PROBLEM TO WORK ON »
Every line of the records that contains "Courtyard" should be tallied, and only the resulting number returned.

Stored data

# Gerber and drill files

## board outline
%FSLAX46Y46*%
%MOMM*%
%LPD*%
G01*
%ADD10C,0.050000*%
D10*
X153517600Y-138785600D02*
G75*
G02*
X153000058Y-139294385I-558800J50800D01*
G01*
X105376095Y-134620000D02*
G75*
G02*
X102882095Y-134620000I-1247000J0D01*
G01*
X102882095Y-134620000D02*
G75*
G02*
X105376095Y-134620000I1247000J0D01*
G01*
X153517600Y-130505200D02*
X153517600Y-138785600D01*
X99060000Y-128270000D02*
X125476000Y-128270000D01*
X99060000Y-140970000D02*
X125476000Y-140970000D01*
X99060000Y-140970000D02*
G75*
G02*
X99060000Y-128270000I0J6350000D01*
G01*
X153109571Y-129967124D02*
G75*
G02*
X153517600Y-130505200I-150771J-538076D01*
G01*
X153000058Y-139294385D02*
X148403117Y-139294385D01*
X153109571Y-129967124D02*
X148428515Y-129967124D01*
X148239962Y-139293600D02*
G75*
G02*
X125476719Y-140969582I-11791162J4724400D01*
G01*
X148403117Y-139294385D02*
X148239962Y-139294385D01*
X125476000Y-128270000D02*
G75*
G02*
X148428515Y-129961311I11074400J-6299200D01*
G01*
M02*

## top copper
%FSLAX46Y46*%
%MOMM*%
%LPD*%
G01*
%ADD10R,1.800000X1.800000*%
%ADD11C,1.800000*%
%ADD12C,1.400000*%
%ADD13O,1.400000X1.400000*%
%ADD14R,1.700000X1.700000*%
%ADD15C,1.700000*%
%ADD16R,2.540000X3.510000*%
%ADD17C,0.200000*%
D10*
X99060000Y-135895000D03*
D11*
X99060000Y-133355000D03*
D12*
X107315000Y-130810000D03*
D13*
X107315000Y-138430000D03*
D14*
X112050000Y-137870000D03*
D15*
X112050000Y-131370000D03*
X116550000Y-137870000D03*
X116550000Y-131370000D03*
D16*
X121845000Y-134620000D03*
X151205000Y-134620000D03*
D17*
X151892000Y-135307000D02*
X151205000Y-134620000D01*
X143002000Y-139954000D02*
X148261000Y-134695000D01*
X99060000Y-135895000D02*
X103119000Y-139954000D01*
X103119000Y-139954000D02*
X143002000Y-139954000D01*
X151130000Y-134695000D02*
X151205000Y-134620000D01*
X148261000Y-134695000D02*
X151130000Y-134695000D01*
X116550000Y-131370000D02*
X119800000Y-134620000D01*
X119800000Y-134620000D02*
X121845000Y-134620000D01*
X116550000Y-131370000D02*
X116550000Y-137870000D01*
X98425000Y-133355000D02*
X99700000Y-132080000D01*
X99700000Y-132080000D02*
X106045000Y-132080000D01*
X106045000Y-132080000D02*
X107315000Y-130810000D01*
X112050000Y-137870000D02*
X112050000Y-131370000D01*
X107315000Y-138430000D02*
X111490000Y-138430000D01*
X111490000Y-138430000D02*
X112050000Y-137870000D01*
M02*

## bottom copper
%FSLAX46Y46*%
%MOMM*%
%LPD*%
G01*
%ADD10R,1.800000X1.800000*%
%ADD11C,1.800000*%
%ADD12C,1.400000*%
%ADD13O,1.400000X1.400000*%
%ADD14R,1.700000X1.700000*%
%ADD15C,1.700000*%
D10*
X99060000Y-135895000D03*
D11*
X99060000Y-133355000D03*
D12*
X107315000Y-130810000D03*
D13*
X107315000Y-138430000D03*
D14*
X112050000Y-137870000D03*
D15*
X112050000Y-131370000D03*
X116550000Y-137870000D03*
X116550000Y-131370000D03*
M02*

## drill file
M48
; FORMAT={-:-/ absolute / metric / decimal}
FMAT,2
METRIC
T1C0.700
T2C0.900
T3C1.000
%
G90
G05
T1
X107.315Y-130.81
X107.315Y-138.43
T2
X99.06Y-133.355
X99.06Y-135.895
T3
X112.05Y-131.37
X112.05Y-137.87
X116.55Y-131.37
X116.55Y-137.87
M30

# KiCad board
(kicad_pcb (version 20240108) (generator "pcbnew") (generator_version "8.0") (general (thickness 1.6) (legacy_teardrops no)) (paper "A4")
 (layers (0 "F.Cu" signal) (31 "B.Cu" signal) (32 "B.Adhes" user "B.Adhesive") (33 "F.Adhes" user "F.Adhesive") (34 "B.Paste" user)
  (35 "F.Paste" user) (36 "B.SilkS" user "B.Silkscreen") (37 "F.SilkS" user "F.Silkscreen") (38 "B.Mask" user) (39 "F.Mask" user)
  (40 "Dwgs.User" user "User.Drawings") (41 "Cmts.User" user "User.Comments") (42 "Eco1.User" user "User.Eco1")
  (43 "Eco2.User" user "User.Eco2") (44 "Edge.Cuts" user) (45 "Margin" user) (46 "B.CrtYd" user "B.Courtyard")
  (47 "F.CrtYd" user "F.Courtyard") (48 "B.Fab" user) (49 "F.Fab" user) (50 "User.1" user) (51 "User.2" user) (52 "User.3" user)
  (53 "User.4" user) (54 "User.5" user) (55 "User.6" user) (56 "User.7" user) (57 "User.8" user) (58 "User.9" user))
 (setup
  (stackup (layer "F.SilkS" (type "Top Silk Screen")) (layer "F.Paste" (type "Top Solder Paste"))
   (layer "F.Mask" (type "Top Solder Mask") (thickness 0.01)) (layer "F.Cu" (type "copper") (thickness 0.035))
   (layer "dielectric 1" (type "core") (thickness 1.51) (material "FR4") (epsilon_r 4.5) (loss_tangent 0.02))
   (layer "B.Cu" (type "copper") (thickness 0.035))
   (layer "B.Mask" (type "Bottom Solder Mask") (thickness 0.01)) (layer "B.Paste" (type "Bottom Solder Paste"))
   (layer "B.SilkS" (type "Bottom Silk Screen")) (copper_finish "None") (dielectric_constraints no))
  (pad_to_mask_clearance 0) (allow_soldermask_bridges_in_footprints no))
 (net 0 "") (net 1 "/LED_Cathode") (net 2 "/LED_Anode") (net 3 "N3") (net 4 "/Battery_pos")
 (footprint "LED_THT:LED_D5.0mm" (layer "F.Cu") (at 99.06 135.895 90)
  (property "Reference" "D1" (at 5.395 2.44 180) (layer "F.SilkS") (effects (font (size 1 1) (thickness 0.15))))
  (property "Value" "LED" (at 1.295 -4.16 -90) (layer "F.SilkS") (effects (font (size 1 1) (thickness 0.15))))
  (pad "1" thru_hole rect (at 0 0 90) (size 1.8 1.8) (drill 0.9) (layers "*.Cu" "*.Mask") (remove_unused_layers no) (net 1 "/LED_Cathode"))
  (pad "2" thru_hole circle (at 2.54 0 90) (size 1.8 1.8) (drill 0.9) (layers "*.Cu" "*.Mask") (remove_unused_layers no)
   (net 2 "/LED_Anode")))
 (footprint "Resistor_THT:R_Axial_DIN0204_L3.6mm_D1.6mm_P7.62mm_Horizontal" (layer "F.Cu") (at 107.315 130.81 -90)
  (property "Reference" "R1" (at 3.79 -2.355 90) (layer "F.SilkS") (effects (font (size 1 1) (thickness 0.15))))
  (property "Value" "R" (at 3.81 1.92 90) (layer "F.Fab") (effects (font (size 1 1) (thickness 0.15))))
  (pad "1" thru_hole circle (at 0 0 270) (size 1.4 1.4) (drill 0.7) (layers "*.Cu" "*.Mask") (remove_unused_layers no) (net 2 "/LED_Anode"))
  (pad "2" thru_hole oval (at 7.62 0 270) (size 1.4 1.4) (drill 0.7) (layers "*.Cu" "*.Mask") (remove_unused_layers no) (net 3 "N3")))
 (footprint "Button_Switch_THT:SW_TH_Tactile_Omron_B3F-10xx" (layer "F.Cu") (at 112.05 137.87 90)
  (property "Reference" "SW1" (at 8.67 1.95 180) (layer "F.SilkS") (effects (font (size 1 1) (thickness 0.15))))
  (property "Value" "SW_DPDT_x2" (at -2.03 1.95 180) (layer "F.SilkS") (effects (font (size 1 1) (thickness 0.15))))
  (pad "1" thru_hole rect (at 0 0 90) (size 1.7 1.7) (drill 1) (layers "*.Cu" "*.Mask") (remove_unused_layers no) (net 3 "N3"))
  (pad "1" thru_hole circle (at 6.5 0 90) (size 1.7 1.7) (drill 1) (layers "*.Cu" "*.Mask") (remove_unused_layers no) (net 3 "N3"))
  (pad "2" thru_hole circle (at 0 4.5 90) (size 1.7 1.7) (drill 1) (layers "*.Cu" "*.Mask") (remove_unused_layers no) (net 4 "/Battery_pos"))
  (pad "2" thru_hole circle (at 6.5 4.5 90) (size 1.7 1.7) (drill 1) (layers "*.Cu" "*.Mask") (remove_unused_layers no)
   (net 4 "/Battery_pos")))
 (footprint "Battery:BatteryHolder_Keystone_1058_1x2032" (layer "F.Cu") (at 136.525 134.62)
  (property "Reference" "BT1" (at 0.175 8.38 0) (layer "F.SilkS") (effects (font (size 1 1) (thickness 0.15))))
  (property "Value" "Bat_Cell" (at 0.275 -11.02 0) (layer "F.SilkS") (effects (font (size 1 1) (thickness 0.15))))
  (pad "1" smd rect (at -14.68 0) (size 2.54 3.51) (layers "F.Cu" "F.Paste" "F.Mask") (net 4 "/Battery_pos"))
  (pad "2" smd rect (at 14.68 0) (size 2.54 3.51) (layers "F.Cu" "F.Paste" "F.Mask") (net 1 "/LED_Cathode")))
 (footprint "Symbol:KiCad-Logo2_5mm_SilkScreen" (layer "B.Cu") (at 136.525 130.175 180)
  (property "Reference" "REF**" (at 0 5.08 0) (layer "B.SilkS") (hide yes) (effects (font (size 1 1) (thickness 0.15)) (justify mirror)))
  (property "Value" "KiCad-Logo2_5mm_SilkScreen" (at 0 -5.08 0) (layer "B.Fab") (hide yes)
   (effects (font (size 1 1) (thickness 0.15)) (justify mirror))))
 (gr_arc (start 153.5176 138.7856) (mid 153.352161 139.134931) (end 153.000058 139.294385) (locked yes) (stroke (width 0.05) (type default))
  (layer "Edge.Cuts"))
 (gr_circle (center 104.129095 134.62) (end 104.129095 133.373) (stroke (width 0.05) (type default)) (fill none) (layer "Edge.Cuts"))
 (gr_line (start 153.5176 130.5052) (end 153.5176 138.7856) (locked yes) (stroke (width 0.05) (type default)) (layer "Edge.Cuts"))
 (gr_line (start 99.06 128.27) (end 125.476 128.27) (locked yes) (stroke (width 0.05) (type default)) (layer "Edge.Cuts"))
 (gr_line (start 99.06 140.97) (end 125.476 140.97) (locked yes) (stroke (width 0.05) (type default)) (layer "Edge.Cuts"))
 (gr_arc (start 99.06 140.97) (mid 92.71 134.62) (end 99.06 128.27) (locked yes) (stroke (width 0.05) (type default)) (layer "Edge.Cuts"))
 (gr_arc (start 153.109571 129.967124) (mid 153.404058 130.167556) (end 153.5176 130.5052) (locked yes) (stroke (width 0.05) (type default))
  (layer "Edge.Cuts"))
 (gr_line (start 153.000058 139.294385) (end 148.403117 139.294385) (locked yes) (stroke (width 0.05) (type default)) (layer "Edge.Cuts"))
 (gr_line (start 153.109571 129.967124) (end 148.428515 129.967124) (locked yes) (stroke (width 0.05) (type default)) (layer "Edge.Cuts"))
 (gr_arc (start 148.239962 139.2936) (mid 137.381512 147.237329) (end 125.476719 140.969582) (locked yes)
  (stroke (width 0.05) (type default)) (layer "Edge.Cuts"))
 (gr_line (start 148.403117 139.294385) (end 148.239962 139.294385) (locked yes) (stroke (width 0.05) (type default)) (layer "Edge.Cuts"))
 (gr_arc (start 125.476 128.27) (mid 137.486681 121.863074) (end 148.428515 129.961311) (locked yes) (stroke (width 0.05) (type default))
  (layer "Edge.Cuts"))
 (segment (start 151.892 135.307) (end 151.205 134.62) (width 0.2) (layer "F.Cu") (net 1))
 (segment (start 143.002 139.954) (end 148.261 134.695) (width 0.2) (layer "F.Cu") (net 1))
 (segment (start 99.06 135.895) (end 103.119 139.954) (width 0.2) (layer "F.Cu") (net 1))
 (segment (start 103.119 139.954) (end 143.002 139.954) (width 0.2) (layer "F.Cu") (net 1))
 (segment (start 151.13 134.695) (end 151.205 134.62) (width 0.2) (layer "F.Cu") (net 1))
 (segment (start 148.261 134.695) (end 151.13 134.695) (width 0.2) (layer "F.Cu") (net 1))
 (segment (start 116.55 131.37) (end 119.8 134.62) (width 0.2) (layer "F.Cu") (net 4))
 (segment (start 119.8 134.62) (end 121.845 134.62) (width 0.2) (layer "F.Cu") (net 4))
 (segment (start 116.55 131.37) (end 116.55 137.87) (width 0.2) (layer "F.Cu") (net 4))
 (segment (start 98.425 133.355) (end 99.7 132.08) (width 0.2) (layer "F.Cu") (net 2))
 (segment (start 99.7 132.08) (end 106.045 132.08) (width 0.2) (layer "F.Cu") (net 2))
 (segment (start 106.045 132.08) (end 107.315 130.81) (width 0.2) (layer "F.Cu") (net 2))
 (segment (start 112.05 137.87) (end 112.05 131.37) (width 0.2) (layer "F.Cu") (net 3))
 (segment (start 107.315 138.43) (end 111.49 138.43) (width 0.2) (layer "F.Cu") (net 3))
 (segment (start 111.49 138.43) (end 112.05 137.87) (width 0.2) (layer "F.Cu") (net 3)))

EXERCISE SOLUTION »
2